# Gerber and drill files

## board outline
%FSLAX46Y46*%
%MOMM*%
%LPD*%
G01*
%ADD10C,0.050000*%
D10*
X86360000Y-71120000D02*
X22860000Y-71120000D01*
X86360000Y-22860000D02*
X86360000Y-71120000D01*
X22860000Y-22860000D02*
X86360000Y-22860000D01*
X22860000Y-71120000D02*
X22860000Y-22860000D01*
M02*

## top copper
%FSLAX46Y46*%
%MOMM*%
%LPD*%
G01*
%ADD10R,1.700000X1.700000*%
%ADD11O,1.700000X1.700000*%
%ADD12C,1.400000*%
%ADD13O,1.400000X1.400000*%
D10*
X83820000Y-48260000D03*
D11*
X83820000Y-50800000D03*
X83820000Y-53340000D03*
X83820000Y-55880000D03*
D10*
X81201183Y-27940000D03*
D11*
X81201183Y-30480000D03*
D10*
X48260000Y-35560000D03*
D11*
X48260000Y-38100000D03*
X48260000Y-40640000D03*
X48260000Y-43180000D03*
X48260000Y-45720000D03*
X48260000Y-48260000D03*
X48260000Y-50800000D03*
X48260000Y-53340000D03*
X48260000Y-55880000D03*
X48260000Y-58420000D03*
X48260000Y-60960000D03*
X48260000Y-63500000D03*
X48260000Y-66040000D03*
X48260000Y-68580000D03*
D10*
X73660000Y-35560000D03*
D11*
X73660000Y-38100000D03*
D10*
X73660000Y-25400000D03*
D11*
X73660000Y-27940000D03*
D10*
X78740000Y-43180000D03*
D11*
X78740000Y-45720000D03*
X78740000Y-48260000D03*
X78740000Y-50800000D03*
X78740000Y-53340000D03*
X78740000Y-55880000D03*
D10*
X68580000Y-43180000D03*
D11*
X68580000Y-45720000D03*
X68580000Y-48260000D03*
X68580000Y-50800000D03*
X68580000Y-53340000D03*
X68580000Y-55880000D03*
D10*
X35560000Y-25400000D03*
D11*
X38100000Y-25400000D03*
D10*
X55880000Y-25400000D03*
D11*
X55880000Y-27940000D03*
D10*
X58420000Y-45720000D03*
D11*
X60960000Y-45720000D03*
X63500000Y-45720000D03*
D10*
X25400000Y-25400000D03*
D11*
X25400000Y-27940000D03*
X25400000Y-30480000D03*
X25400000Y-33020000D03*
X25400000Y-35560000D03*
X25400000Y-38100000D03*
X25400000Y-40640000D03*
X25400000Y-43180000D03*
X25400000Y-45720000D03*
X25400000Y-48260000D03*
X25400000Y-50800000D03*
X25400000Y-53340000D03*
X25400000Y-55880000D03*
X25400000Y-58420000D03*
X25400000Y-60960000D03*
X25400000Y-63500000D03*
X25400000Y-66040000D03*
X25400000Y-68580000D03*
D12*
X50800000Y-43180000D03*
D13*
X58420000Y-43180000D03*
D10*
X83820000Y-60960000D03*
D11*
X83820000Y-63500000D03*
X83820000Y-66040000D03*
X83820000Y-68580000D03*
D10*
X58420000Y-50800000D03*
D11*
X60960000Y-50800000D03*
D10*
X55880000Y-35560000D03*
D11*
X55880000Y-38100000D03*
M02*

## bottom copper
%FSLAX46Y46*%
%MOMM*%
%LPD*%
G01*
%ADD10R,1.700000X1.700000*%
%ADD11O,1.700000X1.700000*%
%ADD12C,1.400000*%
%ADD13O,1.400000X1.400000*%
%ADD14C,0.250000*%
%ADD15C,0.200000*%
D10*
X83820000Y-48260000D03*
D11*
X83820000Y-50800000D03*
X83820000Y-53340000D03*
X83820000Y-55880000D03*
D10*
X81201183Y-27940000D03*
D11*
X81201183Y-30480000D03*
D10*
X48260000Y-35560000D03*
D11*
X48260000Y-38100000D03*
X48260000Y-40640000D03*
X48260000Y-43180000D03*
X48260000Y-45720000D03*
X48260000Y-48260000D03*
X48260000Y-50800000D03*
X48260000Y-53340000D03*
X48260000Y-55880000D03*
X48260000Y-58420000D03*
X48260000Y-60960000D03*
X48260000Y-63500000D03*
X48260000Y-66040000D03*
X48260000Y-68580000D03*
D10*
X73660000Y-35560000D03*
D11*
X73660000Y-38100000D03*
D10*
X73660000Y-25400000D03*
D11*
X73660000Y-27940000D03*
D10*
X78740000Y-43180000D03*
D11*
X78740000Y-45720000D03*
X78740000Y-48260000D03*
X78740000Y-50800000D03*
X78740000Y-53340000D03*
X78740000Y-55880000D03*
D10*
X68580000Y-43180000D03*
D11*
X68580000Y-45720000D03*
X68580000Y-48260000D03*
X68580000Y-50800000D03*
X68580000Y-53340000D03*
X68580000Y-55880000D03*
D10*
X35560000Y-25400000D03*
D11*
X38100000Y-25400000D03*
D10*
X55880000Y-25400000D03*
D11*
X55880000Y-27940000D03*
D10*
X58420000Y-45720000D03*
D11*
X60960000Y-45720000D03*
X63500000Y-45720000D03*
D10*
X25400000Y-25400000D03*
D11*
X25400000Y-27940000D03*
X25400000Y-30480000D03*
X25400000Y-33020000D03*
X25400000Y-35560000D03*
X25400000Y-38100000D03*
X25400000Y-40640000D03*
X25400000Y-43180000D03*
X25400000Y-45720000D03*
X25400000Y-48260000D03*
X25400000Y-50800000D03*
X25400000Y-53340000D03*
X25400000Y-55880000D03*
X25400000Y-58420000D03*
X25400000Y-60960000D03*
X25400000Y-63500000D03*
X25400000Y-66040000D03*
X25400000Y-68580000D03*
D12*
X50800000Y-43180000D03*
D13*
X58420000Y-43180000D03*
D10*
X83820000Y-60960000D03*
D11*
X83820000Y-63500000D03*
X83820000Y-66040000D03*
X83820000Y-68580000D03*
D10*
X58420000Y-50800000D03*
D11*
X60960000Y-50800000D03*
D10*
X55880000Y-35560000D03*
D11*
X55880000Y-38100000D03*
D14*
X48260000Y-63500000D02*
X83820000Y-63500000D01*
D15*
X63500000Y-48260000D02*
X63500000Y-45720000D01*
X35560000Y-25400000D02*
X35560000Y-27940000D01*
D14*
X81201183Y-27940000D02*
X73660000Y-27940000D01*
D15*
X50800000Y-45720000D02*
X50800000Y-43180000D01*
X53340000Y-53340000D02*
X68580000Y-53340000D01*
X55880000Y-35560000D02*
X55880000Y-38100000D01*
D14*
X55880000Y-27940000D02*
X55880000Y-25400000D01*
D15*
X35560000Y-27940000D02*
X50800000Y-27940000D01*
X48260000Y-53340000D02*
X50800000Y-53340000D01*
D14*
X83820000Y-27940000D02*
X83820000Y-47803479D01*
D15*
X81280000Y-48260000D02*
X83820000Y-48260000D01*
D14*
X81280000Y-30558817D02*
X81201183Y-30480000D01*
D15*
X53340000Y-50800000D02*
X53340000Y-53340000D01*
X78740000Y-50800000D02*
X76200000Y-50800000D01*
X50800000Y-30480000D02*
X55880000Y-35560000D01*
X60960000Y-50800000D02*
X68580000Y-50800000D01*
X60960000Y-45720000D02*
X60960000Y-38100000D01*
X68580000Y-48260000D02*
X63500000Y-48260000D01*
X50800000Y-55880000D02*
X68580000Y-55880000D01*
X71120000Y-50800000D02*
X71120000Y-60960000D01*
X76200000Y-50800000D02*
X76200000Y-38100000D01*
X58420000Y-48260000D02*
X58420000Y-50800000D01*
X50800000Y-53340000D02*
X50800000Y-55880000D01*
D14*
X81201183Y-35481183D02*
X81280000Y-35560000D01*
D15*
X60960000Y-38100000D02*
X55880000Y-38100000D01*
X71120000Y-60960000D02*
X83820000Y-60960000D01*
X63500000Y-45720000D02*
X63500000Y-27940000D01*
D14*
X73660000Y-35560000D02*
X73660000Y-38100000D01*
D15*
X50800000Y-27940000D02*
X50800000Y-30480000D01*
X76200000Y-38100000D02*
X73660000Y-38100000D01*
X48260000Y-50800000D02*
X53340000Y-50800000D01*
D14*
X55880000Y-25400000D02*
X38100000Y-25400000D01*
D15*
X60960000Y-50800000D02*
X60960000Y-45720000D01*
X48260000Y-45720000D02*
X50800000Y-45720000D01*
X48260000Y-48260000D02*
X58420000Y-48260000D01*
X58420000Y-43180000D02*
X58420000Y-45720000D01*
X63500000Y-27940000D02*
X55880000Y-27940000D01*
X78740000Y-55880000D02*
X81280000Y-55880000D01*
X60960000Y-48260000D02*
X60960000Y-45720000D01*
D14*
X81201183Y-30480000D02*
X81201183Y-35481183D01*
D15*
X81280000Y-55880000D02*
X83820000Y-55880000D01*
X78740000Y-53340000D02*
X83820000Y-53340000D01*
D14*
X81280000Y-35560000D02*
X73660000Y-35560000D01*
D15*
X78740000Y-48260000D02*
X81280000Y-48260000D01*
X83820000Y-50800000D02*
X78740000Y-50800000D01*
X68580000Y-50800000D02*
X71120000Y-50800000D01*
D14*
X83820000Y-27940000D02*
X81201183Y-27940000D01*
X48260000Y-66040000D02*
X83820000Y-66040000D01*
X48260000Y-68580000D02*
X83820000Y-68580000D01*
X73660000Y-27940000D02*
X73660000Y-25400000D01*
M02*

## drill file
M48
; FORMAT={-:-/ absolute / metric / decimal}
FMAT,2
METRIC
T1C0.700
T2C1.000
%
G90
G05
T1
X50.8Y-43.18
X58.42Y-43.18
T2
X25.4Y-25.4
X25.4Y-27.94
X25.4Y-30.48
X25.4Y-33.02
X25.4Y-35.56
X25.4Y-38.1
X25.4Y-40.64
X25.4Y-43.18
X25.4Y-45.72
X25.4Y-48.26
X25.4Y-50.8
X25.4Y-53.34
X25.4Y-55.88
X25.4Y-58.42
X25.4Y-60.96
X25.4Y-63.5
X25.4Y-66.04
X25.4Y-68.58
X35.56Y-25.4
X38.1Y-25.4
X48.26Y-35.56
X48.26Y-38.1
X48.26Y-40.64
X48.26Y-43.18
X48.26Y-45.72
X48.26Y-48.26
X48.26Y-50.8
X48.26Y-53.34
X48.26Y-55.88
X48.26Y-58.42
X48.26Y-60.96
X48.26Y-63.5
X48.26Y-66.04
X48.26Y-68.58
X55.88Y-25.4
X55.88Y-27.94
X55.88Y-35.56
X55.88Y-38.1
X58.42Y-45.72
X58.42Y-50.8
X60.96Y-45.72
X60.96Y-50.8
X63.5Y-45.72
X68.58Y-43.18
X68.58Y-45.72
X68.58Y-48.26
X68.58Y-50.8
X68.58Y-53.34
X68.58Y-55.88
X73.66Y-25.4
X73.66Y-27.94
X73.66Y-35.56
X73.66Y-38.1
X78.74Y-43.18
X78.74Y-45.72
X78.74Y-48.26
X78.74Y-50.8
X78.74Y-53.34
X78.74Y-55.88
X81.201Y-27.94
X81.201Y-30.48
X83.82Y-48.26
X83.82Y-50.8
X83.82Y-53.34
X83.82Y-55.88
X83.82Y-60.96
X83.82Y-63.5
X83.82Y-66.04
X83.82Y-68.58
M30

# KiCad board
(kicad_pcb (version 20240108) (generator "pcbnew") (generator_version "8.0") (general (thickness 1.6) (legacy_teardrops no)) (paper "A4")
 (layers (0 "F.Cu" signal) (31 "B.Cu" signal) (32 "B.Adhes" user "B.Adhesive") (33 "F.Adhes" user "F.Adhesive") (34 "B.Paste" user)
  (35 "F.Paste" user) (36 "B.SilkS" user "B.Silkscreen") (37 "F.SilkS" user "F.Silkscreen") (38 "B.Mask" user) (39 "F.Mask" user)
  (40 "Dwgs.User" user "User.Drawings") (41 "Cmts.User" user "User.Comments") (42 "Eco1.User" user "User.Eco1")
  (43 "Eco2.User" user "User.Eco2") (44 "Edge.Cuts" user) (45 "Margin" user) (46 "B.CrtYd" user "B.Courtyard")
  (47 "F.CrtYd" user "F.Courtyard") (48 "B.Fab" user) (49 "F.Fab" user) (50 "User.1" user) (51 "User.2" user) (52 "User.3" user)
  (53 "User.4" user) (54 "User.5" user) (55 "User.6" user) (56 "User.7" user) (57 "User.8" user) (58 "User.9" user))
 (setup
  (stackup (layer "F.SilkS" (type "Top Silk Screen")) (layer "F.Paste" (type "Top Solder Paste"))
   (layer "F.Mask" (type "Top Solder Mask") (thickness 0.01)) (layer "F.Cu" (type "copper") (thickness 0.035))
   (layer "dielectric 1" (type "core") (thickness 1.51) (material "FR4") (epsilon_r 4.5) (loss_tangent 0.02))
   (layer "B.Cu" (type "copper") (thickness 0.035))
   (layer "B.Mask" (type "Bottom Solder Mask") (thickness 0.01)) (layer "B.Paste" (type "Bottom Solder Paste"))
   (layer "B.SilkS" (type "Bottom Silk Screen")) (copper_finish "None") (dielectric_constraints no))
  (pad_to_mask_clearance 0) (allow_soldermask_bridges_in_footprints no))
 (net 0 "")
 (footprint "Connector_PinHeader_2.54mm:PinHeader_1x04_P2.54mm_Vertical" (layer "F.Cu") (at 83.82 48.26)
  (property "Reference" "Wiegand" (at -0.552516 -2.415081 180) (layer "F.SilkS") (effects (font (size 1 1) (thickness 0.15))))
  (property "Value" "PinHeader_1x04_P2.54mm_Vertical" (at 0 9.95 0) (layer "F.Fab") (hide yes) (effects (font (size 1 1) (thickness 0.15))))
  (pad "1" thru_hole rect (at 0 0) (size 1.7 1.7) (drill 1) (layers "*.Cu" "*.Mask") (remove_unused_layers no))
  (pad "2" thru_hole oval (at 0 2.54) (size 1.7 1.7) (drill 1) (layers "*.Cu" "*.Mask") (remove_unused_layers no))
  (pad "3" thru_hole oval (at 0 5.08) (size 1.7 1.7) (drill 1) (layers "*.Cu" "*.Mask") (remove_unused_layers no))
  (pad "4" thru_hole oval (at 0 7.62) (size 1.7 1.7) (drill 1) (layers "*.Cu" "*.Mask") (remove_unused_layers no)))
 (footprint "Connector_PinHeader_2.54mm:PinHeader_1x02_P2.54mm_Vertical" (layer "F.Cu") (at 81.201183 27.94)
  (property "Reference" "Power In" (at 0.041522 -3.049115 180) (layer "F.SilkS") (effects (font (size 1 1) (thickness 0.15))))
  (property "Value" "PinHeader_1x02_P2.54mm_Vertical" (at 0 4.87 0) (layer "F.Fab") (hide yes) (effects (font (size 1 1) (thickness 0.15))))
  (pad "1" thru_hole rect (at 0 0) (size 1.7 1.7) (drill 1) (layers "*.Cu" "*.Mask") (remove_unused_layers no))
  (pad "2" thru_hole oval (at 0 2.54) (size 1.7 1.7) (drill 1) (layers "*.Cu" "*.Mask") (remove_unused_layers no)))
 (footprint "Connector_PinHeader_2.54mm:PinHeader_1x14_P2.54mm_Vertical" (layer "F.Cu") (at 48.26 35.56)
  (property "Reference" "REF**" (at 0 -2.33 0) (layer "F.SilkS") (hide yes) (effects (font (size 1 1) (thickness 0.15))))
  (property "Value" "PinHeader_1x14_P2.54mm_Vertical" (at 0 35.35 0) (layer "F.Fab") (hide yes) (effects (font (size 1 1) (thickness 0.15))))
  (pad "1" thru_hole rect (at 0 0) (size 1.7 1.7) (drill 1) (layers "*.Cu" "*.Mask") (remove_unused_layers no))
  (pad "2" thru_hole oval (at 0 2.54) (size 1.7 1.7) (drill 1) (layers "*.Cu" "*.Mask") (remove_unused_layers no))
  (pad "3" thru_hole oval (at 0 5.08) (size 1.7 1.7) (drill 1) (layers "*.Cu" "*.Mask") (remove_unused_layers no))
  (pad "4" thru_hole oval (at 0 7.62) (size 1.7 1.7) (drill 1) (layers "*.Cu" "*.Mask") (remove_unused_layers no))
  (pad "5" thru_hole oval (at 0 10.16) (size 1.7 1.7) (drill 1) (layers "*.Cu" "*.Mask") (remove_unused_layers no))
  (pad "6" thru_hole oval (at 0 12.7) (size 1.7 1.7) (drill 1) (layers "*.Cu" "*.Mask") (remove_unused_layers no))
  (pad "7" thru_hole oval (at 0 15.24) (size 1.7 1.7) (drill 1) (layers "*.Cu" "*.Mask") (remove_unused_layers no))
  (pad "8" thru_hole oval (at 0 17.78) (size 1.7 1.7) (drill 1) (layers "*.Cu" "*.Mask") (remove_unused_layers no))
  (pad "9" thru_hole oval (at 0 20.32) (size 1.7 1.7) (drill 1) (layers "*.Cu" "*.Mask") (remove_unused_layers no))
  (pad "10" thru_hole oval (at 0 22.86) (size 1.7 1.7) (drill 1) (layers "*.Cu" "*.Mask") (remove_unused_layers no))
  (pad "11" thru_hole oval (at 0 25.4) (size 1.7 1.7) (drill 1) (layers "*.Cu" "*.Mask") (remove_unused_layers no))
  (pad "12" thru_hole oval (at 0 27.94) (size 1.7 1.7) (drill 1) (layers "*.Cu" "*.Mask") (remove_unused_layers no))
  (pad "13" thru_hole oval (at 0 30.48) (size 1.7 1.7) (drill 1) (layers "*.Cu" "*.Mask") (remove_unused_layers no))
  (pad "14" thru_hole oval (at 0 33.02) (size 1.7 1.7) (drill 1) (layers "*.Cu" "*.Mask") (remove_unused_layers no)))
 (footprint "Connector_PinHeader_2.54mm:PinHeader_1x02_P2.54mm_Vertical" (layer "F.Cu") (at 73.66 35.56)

### [Exercise description]
The lines you return should be those above that contain the word "Reference", every one of them.

### [Final answer]
  (property "Reference" "Wiegand" (at -0.552516 -2.415081 180) (layer "F.SilkS") (effects (font (size 1 1) (thickness 0.15))))
  (property "Reference" "Power In" (at 0.041522 -3.049115 180) (layer "F.SilkS") (effects (font (size 1 1) (thickness 0.15))))
  (property "Reference" "REF**" (at 0 -2.33 0) (layer "F.SilkS") (hide yes) (effects (font (size 1 1) (thickness 0.15))))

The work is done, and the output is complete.